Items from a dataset
"""

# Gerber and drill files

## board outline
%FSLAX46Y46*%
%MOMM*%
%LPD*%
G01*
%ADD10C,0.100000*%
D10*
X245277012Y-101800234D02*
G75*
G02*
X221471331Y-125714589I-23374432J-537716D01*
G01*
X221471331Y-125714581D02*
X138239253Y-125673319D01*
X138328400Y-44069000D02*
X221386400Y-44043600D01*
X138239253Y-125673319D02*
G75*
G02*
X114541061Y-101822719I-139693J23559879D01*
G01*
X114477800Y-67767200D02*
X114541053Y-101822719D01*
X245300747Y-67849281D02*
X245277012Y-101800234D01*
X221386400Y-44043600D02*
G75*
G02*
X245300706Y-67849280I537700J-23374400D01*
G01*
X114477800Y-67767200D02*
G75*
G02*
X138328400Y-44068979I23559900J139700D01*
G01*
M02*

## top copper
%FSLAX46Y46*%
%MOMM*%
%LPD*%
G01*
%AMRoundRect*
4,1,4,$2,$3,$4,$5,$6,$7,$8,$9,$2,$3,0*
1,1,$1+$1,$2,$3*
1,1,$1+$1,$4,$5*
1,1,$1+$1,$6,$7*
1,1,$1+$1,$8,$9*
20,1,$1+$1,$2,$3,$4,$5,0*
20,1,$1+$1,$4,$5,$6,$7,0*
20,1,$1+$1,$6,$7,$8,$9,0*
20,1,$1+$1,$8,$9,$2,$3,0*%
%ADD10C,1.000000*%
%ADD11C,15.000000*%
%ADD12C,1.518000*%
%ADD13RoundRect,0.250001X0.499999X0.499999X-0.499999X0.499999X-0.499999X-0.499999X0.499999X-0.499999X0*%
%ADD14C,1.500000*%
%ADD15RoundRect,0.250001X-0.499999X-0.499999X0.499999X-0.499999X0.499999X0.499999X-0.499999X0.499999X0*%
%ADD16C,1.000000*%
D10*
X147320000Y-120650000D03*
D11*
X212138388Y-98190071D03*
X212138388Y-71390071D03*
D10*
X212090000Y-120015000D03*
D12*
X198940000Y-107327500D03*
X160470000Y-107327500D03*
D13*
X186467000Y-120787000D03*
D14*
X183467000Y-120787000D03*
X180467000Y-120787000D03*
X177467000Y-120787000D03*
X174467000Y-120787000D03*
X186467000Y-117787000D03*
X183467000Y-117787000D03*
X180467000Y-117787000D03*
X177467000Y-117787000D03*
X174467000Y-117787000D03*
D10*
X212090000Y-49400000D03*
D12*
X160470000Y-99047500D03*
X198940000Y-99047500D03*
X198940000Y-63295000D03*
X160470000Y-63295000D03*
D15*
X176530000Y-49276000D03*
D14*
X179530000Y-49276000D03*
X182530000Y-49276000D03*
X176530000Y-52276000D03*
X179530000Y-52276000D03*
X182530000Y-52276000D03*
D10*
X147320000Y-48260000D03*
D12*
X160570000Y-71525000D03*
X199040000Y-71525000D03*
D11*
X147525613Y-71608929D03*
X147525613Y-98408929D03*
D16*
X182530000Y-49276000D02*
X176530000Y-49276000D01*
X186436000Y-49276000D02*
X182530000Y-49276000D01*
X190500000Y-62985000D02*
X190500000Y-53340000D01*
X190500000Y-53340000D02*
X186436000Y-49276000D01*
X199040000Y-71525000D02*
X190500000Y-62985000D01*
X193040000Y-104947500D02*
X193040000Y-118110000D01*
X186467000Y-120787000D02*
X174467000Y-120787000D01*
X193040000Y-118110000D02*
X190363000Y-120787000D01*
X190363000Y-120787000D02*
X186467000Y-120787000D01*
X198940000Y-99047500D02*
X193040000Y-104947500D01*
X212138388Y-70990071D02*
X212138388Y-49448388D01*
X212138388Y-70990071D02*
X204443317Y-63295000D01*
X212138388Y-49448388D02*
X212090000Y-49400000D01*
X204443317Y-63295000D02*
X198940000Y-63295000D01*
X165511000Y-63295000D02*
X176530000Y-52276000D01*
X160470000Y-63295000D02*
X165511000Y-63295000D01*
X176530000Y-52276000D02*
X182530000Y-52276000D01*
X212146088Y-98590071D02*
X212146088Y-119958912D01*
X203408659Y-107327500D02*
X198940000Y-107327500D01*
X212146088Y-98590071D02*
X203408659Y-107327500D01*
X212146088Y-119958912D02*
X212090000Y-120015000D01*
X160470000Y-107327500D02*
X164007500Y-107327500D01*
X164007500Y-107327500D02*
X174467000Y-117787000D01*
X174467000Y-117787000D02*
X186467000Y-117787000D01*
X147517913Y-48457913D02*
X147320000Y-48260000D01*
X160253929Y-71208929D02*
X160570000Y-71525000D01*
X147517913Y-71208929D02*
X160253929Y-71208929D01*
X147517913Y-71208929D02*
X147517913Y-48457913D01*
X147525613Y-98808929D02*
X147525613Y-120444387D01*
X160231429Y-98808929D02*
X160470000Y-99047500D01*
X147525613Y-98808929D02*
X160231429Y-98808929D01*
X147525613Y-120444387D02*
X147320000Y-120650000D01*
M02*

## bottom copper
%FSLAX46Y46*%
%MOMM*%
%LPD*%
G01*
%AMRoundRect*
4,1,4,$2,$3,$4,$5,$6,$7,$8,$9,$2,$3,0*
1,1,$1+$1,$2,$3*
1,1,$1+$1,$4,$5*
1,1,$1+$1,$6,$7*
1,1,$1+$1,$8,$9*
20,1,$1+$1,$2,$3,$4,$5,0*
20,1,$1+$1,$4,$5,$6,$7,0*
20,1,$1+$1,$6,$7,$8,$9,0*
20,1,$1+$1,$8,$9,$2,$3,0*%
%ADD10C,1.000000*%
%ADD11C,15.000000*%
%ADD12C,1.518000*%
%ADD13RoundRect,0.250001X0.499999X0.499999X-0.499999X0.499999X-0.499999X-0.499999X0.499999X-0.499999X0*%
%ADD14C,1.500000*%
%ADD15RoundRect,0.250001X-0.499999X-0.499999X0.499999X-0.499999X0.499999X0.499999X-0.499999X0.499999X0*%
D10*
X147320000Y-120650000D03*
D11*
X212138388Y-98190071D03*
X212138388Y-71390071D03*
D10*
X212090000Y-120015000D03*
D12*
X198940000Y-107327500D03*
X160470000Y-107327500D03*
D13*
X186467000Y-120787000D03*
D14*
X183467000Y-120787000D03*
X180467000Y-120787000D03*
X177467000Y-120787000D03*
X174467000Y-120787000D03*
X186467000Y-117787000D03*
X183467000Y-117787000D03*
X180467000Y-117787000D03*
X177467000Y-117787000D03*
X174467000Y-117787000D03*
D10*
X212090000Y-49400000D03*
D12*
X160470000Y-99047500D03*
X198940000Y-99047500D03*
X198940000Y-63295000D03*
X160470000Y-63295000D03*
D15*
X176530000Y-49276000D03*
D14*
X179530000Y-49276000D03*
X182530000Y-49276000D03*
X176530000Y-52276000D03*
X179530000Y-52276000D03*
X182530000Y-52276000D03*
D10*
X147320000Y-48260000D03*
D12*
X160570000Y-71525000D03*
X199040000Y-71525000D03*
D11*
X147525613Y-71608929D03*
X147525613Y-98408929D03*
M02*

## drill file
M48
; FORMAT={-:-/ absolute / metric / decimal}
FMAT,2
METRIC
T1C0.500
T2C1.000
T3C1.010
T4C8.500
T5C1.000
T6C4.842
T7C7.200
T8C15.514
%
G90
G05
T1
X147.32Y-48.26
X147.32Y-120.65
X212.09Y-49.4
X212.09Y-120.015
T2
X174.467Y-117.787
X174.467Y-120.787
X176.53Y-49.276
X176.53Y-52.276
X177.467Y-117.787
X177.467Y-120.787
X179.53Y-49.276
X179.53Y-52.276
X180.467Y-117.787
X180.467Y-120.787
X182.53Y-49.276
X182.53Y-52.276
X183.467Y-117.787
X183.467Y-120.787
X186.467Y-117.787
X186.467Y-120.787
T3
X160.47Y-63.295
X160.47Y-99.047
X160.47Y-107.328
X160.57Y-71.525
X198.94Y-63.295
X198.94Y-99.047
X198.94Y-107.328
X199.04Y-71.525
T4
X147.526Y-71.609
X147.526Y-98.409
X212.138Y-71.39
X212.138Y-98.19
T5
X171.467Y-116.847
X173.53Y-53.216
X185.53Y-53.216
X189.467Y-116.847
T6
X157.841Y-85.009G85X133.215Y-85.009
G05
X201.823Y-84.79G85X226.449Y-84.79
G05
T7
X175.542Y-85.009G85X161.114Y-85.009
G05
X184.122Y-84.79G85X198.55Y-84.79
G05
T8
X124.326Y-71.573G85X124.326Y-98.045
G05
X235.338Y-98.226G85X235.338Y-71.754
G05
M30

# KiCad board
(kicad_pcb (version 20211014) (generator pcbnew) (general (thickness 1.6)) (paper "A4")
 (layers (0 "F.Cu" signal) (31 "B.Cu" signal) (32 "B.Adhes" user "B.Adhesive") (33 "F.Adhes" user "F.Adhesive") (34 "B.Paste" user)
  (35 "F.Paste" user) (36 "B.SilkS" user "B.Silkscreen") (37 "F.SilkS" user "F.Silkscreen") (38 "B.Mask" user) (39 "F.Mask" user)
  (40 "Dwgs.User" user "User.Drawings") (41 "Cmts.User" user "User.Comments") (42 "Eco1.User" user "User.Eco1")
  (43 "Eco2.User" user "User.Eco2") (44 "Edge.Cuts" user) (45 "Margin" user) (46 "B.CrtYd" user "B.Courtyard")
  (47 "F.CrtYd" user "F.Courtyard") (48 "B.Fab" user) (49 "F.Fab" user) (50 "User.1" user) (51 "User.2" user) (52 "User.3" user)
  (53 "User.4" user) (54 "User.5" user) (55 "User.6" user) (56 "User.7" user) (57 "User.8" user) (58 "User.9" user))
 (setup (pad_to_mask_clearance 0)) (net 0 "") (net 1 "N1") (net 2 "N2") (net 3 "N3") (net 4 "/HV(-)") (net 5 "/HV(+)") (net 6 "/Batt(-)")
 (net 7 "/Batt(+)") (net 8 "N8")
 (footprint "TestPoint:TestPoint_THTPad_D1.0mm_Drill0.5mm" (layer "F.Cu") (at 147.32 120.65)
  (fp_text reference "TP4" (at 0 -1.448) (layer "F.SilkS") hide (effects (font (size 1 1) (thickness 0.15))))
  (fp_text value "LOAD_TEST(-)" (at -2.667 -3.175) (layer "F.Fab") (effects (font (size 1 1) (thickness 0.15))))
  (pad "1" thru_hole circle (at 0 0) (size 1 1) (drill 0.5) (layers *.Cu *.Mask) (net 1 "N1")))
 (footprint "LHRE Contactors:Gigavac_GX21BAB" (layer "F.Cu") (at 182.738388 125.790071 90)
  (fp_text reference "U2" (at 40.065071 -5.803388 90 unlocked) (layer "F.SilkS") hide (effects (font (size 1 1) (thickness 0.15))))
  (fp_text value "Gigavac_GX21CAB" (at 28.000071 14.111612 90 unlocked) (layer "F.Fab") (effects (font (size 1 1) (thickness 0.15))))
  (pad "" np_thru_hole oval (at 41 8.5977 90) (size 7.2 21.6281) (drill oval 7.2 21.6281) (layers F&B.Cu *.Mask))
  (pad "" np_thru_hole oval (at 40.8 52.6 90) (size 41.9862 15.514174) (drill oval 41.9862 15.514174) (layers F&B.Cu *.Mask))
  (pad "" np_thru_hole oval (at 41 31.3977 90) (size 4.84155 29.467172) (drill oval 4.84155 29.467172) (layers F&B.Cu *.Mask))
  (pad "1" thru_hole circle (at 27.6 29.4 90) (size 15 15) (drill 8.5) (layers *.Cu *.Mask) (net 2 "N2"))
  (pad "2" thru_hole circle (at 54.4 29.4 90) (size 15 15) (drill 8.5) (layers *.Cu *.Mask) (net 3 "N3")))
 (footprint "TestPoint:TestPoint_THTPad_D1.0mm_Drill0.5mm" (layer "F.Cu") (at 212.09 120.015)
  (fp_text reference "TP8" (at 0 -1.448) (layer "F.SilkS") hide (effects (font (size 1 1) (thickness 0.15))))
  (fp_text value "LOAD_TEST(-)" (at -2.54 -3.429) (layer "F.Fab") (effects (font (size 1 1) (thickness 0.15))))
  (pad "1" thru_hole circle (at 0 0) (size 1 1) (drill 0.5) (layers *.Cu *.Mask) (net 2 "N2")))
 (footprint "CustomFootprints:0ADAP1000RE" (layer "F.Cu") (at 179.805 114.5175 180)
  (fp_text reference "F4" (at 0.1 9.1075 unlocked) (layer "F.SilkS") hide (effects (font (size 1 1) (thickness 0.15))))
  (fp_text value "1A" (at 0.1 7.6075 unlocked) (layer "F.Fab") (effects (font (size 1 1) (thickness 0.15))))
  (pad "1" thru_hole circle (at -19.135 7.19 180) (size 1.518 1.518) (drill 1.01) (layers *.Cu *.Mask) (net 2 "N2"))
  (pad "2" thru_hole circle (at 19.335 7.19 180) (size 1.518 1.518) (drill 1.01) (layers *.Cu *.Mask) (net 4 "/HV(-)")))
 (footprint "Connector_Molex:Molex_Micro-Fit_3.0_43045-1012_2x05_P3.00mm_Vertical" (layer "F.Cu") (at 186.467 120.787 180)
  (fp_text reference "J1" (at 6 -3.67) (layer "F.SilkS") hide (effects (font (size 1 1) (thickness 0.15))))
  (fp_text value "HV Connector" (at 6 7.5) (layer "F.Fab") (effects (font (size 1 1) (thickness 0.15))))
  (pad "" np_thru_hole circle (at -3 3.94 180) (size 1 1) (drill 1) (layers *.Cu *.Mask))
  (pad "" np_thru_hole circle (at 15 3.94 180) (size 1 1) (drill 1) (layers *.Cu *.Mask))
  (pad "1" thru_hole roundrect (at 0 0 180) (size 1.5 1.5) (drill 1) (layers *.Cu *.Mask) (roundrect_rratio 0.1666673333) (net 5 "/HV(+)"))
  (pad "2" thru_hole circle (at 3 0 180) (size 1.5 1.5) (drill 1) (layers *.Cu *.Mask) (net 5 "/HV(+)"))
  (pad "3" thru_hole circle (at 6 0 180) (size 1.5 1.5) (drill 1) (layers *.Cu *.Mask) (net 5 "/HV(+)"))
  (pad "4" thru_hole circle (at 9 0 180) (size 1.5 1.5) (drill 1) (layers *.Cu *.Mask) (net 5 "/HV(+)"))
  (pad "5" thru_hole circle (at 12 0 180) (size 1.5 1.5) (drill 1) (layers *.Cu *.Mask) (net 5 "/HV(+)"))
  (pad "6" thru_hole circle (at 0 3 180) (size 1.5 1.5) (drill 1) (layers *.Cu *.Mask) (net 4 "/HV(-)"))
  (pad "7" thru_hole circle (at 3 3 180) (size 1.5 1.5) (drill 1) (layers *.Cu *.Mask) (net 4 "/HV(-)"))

"""

● Work order:
Lines holding the word "footprint" are the answer; copy every one from the records above.

● Expected answer:
 (footprint "TestPoint:TestPoint_THTPad_D1.0mm_Drill0.5mm" (layer "F.Cu") (at 147.32 120.65)
 (footprint "LHRE Contactors:Gigavac_GX21BAB" (layer "F.Cu") (at 182.738388 125.790071 90)
 (footprint "TestPoint:TestPoint_THTPad_D1.0mm_Drill0.5mm" (layer "F.Cu") (at 212.09 120.015)
 (footprint "CustomFootprints:0ADAP1000RE" (layer "F.Cu") (at 179.805 114.5175 180)
 (footprint "Connector_Molex:Molex_Micro-Fit_3.0_43045-1012_2x05_P3.00mm_Vertical" (layer "F.Cu") (at 186.467 120.787 180)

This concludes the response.